Source records ->

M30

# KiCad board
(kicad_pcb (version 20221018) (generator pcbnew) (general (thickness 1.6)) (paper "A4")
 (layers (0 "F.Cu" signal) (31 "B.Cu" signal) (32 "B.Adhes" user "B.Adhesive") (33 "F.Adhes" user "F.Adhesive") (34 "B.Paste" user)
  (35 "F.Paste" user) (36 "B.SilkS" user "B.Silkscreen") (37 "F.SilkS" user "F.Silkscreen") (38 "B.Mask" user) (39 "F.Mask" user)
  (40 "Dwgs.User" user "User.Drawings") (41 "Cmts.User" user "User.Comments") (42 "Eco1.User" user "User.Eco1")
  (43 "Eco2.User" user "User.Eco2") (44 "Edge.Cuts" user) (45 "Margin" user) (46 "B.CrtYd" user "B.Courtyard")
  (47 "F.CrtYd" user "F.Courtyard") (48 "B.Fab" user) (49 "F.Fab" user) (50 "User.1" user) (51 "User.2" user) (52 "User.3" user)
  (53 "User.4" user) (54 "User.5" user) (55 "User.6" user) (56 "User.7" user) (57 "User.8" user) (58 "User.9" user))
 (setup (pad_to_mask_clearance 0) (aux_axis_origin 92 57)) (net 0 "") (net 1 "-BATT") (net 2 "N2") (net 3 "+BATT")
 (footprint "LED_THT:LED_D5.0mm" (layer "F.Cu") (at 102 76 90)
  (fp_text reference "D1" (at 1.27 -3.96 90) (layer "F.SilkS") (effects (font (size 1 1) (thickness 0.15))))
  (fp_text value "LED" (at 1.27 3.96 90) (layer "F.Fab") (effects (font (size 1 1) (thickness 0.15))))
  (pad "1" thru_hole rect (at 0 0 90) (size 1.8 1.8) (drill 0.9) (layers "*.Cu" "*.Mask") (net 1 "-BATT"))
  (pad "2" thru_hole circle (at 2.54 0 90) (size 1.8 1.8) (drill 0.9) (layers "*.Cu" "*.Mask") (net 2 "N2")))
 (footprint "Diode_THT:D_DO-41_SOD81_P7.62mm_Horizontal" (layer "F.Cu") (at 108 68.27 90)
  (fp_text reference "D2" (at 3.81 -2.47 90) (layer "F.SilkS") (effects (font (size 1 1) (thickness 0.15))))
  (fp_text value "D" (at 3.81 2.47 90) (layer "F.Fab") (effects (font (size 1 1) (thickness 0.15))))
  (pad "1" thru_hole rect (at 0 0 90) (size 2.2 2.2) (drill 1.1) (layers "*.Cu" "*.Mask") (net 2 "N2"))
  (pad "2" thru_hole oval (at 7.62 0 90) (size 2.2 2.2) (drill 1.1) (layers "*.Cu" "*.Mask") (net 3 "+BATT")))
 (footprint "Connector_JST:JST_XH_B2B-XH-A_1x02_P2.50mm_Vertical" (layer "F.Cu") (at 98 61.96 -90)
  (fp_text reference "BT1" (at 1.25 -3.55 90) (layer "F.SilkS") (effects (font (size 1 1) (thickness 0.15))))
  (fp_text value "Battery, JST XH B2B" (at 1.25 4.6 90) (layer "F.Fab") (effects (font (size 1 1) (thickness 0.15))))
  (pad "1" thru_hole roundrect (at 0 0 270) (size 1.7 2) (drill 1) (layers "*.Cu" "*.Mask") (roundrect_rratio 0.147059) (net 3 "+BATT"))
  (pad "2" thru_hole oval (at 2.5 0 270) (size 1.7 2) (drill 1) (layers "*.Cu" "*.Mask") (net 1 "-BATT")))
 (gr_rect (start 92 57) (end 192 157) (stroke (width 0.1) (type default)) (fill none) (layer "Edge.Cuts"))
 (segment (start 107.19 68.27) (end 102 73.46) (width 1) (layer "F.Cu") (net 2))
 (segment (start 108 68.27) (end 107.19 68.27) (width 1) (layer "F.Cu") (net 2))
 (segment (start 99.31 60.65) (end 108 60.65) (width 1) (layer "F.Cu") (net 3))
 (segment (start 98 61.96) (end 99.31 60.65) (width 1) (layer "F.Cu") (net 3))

* * *

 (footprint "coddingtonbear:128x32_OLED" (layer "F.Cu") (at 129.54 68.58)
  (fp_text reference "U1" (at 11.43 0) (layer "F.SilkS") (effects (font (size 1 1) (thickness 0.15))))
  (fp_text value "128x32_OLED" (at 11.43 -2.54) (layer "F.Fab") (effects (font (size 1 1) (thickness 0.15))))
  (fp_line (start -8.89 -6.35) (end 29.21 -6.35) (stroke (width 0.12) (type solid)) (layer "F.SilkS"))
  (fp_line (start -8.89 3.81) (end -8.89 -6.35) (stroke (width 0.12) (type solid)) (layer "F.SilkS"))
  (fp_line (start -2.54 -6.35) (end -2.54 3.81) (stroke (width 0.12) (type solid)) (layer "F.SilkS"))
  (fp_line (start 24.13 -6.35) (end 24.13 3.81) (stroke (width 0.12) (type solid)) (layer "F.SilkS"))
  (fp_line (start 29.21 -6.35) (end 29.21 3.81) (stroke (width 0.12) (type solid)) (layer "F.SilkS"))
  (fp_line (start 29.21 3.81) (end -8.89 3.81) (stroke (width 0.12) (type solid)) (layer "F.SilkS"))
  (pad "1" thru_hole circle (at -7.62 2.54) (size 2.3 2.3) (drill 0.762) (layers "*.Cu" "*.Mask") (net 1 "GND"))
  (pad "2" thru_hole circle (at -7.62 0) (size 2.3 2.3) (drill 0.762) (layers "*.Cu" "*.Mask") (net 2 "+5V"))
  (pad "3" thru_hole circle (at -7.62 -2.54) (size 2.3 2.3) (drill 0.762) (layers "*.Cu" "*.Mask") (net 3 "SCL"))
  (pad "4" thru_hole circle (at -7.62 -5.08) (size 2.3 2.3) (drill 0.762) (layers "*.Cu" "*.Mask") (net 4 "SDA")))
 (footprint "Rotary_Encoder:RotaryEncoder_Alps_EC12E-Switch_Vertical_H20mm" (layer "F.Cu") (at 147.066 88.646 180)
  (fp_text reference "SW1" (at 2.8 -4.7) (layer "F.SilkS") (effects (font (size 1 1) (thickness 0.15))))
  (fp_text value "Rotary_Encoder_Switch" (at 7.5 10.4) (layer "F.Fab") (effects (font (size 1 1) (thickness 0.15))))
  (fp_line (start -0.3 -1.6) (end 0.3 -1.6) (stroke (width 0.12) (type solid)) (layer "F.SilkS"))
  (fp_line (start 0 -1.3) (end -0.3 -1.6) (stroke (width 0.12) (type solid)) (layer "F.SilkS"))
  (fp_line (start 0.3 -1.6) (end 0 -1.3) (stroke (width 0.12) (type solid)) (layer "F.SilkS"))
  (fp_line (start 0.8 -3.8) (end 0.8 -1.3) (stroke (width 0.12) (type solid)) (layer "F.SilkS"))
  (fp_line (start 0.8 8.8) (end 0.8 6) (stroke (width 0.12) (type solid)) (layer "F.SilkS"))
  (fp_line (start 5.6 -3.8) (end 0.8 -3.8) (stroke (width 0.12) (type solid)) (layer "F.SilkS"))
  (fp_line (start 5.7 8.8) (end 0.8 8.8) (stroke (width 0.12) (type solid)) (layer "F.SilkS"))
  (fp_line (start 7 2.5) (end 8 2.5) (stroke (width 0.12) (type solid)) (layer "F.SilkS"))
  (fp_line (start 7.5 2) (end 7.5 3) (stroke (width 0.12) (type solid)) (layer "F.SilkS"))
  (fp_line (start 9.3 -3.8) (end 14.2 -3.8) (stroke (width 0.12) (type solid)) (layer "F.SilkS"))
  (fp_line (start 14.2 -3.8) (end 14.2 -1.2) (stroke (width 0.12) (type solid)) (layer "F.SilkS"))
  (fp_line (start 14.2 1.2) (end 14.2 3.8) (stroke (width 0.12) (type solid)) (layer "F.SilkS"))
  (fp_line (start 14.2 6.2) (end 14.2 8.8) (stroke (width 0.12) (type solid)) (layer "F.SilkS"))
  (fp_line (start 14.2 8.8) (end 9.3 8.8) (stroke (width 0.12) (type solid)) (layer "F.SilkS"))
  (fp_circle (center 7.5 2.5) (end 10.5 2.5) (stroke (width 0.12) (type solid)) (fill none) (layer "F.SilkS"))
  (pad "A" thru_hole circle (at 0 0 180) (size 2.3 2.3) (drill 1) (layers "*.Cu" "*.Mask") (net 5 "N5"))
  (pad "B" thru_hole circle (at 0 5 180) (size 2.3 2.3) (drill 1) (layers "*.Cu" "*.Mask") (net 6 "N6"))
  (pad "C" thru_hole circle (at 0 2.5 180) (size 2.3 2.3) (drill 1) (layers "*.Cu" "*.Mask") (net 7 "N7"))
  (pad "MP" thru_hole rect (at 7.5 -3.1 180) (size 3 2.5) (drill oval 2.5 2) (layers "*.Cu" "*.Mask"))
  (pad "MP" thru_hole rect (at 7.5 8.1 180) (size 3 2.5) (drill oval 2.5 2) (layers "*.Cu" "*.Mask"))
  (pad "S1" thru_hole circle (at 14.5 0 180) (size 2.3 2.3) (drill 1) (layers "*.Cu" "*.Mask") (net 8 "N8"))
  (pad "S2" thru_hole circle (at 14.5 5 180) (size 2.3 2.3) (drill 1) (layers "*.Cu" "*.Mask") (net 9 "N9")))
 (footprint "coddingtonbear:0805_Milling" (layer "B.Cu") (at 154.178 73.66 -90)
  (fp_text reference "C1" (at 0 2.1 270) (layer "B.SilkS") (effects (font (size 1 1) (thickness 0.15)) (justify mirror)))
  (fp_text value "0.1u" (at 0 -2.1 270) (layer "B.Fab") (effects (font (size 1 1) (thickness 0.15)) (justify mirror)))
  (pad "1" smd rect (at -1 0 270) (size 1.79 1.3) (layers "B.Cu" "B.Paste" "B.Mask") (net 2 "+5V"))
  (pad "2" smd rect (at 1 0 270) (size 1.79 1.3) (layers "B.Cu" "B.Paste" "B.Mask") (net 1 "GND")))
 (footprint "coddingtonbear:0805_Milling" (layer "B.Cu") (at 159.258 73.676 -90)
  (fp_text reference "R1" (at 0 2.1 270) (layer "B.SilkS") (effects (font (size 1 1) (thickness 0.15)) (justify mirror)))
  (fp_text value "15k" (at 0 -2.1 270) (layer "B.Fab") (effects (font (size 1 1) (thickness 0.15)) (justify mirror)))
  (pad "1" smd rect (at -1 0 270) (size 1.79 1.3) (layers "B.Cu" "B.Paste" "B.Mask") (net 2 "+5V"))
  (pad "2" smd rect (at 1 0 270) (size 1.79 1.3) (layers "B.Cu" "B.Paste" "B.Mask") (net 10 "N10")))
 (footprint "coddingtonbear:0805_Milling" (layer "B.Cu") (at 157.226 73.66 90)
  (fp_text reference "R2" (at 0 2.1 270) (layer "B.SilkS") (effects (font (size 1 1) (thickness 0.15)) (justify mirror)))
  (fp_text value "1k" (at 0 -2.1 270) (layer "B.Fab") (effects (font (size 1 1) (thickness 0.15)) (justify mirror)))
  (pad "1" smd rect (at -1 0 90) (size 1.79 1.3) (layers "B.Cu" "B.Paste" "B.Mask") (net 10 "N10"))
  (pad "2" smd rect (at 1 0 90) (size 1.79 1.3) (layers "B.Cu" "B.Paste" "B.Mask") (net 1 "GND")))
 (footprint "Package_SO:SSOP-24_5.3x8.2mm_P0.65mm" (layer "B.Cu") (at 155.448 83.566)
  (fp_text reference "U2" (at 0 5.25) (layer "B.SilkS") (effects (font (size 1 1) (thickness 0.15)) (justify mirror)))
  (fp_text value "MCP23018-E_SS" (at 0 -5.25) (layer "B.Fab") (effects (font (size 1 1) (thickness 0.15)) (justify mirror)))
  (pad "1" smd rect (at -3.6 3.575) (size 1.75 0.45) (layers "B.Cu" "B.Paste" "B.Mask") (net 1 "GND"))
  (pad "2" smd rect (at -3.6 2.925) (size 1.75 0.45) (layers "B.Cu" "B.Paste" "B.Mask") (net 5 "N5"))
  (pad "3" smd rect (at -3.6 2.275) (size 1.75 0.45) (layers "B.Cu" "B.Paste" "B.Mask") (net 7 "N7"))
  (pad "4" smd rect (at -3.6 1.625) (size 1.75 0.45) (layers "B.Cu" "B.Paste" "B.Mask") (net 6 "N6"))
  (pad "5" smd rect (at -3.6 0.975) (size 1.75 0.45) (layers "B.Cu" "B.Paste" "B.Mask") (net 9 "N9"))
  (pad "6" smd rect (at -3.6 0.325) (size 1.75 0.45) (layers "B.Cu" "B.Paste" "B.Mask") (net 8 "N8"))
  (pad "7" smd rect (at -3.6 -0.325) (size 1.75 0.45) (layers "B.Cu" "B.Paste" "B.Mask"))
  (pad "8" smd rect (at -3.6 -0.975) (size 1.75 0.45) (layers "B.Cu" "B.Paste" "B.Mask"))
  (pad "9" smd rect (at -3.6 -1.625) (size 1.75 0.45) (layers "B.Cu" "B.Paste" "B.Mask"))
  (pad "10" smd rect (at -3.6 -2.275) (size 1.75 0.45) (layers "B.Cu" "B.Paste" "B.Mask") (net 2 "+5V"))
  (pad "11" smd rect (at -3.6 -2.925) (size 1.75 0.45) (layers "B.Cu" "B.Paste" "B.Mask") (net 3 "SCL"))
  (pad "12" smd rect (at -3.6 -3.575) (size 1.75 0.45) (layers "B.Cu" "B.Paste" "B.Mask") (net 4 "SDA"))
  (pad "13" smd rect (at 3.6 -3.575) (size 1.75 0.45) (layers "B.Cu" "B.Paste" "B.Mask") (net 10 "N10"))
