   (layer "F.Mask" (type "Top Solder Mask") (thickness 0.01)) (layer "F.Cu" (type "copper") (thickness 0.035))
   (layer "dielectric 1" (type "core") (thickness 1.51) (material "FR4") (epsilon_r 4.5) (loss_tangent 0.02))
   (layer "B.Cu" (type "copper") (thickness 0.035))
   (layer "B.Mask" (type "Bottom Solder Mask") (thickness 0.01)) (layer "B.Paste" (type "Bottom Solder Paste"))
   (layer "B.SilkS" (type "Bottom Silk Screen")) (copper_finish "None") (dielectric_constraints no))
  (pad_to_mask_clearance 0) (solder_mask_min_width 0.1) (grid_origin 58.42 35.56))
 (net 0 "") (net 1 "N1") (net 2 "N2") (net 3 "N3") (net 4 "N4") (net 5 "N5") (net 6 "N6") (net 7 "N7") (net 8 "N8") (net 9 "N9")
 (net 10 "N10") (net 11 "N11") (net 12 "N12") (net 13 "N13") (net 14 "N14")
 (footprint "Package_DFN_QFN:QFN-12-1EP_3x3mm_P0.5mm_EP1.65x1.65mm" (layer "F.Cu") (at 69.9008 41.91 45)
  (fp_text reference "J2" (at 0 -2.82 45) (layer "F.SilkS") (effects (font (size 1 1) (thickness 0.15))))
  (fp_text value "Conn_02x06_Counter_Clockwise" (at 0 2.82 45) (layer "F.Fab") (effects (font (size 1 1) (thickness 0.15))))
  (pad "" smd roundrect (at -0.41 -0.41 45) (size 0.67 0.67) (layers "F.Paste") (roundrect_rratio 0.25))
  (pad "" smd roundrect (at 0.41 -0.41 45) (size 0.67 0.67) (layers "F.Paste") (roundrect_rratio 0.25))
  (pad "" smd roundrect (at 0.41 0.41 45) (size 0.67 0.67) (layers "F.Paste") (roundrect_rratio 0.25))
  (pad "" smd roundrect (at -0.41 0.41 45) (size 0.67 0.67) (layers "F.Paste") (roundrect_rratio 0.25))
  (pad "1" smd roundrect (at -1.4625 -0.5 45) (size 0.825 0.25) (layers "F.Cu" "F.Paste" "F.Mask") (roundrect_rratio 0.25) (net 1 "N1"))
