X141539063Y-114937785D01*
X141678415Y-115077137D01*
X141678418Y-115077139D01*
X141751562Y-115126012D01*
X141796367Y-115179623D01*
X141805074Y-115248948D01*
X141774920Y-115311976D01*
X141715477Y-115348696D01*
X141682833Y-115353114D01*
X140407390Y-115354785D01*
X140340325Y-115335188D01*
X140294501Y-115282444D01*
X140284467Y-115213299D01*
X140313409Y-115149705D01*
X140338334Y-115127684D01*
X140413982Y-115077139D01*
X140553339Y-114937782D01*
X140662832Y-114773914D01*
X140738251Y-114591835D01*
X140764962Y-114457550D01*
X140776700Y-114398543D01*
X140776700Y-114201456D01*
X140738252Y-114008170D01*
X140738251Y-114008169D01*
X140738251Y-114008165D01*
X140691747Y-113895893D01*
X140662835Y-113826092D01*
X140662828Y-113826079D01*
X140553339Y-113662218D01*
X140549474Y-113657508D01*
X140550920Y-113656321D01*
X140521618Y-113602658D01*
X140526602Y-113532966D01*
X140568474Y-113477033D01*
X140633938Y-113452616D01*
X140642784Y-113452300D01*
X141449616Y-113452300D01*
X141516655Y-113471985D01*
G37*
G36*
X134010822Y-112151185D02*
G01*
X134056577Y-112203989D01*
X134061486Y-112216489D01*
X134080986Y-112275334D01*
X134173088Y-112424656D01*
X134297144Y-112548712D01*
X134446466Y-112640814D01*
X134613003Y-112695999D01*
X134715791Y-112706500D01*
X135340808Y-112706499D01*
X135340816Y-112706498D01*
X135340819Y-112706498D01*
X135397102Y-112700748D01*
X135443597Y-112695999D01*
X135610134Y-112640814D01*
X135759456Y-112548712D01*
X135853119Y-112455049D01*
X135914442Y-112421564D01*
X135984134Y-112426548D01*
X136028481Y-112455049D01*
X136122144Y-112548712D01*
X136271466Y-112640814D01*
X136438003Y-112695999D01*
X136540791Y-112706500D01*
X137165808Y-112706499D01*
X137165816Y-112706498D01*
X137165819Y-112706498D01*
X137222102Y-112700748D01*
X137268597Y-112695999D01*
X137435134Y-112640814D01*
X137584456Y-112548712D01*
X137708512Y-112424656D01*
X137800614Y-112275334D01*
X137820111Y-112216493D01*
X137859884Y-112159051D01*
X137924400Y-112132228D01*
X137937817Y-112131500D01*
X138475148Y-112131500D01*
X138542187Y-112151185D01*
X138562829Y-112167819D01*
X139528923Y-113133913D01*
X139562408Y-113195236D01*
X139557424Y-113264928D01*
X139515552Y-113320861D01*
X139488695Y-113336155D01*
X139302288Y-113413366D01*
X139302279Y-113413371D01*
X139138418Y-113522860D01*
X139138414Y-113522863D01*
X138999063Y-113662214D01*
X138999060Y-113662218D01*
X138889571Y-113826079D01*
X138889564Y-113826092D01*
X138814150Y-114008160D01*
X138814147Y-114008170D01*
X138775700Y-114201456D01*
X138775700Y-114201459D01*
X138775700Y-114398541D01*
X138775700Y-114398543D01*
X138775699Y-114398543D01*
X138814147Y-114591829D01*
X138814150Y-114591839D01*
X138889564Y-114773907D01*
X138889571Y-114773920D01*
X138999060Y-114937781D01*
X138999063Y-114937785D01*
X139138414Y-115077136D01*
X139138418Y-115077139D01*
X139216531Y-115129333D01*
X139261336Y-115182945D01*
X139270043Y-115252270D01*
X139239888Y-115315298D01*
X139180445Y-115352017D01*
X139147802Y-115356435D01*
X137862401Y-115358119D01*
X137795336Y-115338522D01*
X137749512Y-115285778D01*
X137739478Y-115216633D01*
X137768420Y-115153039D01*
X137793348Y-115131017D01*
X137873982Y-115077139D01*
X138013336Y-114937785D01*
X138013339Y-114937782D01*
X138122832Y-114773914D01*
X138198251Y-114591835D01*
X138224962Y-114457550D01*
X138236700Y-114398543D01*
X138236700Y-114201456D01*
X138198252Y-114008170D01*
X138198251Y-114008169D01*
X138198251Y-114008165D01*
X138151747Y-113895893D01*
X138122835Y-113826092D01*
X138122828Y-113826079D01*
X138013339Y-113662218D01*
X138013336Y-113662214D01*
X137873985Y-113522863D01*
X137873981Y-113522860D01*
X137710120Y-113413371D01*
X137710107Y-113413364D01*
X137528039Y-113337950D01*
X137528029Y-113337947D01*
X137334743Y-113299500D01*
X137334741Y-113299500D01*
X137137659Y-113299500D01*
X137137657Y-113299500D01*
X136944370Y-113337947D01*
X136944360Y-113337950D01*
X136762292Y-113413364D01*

Problem statement -> Only the lines from the one containing "circle (at 2.54" through the one containing "0 0 90) (size 2.2" are to be retyped, both boundary lines included, with no other material.

Exercise response ->
  (pad "2" thru_hole circle (at 2.54 0 90) (size 1.8 1.8) (drill 0.9) (layers "*.Cu" "*.Mask") (net 2 "N2")))
 (footprint "Diode_THT:D_DO-41_SOD81_P7.62mm_Horizontal" (layer "F.Cu") (at 108 68.27 90)
  (fp_text reference "D2" (at 3.81 -2.47 90) (layer "F.SilkS") (effects (font (size 1 1) (thickness 0.15))))
  (fp_text value "D" (at 3.81 2.47 90) (layer "F.Fab") (effects (font (size 1 1) (thickness 0.15))))
  (pad "1" thru_hole rect (at 0 0 90) (size 2.2 2.2) (drill 1.1) (layers "*.Cu" "*.Mask") (net 2 "N2"))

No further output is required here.